### What the task requires
In the entries below, count every line containing "Courtyard". Reply with the number alone.

Dataset entries:
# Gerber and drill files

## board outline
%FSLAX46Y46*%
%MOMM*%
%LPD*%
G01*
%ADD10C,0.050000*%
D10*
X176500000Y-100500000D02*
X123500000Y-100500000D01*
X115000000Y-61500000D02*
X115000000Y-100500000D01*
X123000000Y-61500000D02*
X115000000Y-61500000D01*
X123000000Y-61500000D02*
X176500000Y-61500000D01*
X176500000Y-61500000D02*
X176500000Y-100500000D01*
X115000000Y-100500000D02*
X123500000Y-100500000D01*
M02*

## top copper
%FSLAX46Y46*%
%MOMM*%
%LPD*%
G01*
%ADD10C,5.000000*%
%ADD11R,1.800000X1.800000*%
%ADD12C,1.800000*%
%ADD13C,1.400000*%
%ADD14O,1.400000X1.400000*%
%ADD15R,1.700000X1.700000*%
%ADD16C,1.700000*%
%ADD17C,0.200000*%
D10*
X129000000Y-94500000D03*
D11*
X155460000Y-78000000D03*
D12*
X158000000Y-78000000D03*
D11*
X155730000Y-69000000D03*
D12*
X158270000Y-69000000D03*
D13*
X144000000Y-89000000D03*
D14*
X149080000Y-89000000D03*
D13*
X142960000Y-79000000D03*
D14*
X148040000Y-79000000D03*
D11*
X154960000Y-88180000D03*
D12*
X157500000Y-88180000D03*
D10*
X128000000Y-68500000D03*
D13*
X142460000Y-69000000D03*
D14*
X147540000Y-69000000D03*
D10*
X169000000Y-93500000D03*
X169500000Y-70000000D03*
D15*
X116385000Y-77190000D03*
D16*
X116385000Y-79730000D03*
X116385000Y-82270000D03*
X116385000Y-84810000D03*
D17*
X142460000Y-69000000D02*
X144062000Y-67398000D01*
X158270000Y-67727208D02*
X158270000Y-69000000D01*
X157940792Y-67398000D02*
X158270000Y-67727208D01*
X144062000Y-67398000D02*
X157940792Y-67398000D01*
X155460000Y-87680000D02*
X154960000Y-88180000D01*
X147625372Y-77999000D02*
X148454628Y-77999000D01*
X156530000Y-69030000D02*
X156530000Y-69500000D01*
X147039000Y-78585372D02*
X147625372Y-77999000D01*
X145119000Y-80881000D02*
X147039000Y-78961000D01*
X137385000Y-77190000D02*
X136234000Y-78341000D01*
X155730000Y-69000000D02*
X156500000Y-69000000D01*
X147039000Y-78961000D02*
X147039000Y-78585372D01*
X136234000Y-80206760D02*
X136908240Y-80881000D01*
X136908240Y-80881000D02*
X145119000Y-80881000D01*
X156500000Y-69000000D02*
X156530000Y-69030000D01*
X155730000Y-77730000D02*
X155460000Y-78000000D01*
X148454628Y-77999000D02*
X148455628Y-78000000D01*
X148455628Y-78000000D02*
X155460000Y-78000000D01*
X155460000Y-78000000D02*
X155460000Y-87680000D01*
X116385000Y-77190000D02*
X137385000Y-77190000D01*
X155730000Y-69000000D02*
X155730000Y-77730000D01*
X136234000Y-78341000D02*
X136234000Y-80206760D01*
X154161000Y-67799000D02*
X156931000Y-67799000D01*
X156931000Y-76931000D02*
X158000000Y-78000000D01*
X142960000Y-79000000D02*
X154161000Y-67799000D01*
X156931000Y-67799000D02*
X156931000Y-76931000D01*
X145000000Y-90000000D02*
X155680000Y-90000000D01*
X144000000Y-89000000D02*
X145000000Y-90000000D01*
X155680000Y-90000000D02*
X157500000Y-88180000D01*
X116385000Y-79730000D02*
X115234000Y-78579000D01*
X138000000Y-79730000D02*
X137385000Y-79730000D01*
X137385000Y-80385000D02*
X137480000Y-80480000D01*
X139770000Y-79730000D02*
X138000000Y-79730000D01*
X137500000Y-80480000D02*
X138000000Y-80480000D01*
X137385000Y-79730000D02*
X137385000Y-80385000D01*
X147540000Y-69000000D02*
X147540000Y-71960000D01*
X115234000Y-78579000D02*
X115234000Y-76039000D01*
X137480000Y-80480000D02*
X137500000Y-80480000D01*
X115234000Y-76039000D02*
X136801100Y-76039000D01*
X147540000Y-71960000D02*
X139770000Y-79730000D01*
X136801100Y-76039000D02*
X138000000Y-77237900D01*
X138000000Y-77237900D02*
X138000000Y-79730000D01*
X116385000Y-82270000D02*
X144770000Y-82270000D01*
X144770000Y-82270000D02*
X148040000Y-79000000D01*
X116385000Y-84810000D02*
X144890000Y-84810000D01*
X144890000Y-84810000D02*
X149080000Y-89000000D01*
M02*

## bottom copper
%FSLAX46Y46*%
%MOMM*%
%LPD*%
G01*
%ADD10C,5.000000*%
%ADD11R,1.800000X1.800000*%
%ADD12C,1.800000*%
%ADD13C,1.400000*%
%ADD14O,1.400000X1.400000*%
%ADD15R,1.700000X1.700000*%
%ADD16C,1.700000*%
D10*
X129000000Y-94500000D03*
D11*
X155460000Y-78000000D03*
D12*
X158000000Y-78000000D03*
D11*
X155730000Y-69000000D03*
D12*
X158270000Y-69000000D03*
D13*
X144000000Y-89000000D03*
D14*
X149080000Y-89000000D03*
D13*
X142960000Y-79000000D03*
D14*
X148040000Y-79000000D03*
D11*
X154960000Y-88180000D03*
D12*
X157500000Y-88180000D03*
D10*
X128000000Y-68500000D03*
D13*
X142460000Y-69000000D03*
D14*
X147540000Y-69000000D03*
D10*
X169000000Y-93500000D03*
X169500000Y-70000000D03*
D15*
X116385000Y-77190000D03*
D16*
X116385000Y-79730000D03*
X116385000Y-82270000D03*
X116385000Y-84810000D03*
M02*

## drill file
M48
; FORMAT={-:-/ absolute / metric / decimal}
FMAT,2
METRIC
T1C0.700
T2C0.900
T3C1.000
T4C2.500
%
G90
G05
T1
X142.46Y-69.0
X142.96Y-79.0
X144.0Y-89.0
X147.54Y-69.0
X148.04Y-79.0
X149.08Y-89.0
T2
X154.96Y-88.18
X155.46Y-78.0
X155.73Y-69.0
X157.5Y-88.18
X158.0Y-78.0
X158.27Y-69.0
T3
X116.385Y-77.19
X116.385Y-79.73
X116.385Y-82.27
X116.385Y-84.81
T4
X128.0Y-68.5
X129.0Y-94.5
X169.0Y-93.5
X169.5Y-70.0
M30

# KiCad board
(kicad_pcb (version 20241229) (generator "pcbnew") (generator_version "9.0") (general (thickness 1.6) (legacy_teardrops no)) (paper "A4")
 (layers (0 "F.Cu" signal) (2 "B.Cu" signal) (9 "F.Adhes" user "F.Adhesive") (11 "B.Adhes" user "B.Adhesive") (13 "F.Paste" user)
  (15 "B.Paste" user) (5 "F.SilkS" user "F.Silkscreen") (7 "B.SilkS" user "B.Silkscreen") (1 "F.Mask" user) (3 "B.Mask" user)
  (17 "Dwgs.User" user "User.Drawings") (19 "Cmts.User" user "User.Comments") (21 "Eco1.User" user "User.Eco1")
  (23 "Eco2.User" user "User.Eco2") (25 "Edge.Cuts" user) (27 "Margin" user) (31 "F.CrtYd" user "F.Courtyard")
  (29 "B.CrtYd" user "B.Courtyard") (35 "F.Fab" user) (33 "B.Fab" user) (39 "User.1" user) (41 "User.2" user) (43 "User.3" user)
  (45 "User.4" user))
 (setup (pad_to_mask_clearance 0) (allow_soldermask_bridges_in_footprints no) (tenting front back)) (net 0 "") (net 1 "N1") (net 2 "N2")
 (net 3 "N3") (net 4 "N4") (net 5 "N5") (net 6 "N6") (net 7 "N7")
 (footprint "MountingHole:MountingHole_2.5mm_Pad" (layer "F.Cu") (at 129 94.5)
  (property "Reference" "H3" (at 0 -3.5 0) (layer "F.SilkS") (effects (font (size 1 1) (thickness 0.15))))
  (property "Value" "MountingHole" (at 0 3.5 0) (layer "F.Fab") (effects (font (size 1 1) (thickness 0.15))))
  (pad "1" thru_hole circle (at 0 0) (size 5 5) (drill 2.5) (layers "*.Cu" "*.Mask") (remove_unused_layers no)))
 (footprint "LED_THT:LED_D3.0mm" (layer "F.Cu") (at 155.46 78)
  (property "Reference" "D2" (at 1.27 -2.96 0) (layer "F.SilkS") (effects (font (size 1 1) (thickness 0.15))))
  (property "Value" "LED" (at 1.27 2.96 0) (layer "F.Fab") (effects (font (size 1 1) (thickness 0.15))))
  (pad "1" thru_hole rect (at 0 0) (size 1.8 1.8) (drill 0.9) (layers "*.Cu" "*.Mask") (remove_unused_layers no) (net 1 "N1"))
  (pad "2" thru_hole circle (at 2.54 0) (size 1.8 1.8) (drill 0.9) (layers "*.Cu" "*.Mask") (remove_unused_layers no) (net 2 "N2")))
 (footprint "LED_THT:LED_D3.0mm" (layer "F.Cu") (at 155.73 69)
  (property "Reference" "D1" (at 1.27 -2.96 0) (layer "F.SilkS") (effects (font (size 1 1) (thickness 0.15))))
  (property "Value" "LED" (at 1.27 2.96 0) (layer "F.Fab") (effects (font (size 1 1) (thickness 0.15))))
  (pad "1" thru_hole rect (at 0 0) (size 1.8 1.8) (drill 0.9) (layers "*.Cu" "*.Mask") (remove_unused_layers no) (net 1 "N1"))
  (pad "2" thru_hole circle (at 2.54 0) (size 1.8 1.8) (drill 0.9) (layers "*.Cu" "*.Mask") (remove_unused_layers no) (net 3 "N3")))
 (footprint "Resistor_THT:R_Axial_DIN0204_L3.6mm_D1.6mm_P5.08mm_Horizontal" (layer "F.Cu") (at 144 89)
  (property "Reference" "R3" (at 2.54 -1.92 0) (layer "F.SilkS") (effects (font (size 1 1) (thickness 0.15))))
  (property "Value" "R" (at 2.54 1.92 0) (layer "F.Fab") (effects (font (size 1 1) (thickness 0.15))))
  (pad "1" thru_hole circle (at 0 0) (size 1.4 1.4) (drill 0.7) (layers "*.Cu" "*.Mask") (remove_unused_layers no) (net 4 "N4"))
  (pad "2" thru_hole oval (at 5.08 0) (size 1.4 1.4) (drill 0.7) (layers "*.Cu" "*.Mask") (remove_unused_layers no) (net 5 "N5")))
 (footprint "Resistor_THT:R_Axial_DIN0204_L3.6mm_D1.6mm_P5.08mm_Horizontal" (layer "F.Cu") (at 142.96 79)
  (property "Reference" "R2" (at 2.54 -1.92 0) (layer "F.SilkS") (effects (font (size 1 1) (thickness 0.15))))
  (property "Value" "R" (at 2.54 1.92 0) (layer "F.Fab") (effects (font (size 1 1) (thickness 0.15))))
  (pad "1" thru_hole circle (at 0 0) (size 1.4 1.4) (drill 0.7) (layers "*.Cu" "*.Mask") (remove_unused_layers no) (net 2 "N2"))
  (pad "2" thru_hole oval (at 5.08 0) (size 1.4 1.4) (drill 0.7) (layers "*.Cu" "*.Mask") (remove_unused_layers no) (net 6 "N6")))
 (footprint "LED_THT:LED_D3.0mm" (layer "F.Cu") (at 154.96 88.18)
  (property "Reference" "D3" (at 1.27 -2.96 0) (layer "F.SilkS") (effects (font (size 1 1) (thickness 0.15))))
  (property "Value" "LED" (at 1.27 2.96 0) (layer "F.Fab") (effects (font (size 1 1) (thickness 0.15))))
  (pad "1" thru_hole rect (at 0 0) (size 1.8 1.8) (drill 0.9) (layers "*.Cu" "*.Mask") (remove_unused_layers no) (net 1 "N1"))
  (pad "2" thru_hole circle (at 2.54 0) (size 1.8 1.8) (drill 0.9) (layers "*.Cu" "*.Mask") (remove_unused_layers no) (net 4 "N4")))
---
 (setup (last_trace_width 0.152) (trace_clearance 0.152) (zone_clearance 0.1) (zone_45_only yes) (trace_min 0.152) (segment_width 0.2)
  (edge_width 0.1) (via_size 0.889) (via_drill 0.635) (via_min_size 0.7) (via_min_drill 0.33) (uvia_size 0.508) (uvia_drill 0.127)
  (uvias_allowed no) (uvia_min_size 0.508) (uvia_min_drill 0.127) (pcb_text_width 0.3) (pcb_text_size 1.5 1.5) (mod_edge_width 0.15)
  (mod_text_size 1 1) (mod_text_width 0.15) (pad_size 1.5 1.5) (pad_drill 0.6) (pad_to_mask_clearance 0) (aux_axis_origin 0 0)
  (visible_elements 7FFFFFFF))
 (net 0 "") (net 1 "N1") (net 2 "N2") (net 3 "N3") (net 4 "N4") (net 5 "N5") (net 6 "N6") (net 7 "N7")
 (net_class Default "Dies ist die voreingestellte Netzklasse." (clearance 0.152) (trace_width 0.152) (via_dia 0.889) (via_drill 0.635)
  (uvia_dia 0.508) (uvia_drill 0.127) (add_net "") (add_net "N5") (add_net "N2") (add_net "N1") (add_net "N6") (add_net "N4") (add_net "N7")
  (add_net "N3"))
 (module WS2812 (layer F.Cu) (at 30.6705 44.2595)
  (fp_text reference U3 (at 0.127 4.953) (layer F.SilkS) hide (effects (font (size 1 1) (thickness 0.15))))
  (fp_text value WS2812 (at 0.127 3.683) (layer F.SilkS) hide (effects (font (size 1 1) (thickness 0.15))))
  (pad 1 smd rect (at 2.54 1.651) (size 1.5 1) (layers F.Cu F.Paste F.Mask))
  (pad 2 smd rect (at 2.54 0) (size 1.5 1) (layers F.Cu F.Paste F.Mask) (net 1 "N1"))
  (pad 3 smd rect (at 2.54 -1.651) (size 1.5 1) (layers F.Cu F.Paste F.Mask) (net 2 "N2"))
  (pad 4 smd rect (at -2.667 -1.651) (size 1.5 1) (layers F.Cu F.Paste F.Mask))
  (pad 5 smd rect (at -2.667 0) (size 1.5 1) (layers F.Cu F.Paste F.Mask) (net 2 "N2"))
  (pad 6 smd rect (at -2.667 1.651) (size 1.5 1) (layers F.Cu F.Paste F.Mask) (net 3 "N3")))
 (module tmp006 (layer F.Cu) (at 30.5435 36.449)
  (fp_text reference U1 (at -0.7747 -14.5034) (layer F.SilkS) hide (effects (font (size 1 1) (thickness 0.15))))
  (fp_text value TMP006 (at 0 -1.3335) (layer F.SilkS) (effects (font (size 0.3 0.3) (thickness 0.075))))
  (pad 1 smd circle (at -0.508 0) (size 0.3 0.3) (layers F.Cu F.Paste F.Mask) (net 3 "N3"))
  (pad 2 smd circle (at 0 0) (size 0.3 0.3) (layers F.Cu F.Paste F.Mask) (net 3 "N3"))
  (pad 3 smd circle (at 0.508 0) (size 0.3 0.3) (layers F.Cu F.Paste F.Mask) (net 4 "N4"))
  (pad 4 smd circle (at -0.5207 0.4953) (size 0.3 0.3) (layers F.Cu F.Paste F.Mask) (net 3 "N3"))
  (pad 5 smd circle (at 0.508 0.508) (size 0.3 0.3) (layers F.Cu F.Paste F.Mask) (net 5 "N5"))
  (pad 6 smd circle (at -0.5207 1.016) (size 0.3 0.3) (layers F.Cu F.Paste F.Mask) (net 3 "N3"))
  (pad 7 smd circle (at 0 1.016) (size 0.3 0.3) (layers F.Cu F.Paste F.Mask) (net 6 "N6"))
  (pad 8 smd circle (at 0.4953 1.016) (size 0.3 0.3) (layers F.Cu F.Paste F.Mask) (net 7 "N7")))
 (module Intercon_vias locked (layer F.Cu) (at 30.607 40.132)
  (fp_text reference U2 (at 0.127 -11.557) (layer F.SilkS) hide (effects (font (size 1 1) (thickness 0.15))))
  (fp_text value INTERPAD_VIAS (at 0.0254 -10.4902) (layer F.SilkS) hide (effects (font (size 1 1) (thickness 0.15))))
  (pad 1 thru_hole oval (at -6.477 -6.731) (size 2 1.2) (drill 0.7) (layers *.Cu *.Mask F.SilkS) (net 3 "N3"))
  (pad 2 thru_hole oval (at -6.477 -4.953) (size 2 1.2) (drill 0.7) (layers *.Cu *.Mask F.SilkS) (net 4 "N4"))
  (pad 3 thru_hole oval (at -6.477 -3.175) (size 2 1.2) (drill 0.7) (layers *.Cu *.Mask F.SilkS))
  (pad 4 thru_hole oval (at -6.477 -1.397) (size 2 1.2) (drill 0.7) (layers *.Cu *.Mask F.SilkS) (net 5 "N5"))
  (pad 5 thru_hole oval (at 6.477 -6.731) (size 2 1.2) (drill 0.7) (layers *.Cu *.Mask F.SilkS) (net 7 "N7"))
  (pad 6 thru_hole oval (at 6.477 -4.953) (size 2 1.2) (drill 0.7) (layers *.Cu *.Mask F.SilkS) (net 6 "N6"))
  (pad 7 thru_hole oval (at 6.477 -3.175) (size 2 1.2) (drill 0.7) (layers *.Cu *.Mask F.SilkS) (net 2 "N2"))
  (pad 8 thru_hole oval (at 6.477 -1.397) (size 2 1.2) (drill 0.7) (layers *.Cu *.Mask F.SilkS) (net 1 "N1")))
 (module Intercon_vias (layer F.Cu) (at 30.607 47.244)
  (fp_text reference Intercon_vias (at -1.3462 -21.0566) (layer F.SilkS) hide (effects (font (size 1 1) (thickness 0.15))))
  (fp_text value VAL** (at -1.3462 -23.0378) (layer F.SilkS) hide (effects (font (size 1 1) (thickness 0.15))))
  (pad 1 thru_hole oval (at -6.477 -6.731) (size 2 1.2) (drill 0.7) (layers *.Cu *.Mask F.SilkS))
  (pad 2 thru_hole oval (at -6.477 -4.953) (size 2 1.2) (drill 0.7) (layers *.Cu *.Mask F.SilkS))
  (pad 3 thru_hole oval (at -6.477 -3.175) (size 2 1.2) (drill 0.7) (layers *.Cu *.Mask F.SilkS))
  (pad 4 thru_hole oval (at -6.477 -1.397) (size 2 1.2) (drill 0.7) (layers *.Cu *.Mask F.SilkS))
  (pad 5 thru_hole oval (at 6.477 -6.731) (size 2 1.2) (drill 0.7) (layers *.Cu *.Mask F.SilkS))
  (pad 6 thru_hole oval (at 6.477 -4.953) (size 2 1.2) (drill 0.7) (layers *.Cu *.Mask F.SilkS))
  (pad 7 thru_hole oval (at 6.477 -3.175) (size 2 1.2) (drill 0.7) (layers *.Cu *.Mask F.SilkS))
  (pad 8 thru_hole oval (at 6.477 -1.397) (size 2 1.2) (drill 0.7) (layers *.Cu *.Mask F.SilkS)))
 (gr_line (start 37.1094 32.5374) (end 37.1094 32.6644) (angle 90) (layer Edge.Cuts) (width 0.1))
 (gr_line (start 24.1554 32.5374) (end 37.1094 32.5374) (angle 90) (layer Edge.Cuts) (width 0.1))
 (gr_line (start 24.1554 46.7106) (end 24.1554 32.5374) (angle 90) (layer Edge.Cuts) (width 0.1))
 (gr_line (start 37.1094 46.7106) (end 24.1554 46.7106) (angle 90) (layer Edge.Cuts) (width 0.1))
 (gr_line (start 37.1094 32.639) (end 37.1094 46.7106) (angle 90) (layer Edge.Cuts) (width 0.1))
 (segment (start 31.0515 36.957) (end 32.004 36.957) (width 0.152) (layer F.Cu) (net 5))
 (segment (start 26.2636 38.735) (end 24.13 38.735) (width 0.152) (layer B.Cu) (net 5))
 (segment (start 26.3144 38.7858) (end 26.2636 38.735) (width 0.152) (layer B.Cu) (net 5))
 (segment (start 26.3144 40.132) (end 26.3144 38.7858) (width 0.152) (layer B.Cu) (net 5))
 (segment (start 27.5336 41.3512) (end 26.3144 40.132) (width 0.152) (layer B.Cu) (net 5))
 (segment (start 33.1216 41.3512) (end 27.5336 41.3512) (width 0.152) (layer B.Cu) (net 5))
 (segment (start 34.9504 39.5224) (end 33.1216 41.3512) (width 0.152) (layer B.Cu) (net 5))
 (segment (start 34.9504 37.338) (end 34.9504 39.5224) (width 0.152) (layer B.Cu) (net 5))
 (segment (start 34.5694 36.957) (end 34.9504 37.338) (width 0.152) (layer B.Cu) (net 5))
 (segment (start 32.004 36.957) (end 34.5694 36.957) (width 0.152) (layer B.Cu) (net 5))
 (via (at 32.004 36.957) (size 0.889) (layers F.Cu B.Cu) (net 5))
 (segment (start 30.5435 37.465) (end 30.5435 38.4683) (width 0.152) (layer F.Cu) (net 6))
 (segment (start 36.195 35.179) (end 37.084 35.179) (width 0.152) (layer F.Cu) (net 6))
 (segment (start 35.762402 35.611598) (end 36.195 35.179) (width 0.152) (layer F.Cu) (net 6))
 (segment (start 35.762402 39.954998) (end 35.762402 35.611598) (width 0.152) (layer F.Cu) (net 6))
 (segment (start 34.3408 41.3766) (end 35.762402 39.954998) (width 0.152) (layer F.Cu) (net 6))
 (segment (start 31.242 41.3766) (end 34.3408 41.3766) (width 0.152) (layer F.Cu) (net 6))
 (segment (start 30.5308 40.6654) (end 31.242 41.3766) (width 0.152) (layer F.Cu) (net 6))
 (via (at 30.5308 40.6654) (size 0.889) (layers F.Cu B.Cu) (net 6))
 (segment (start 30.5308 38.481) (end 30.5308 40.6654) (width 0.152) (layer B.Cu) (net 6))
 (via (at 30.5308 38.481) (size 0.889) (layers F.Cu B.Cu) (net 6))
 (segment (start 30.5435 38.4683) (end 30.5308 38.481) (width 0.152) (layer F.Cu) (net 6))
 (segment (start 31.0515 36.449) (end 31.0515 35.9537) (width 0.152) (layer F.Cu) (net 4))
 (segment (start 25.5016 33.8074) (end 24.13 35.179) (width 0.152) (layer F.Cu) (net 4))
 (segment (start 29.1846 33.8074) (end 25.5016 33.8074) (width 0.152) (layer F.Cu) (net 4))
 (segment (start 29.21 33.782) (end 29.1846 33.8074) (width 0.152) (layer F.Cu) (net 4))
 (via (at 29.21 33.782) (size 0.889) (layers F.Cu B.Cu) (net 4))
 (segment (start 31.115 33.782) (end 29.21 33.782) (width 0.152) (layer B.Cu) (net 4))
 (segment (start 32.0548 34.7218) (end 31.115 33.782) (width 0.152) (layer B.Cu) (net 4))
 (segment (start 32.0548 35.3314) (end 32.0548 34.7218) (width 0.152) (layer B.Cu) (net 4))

### Response
2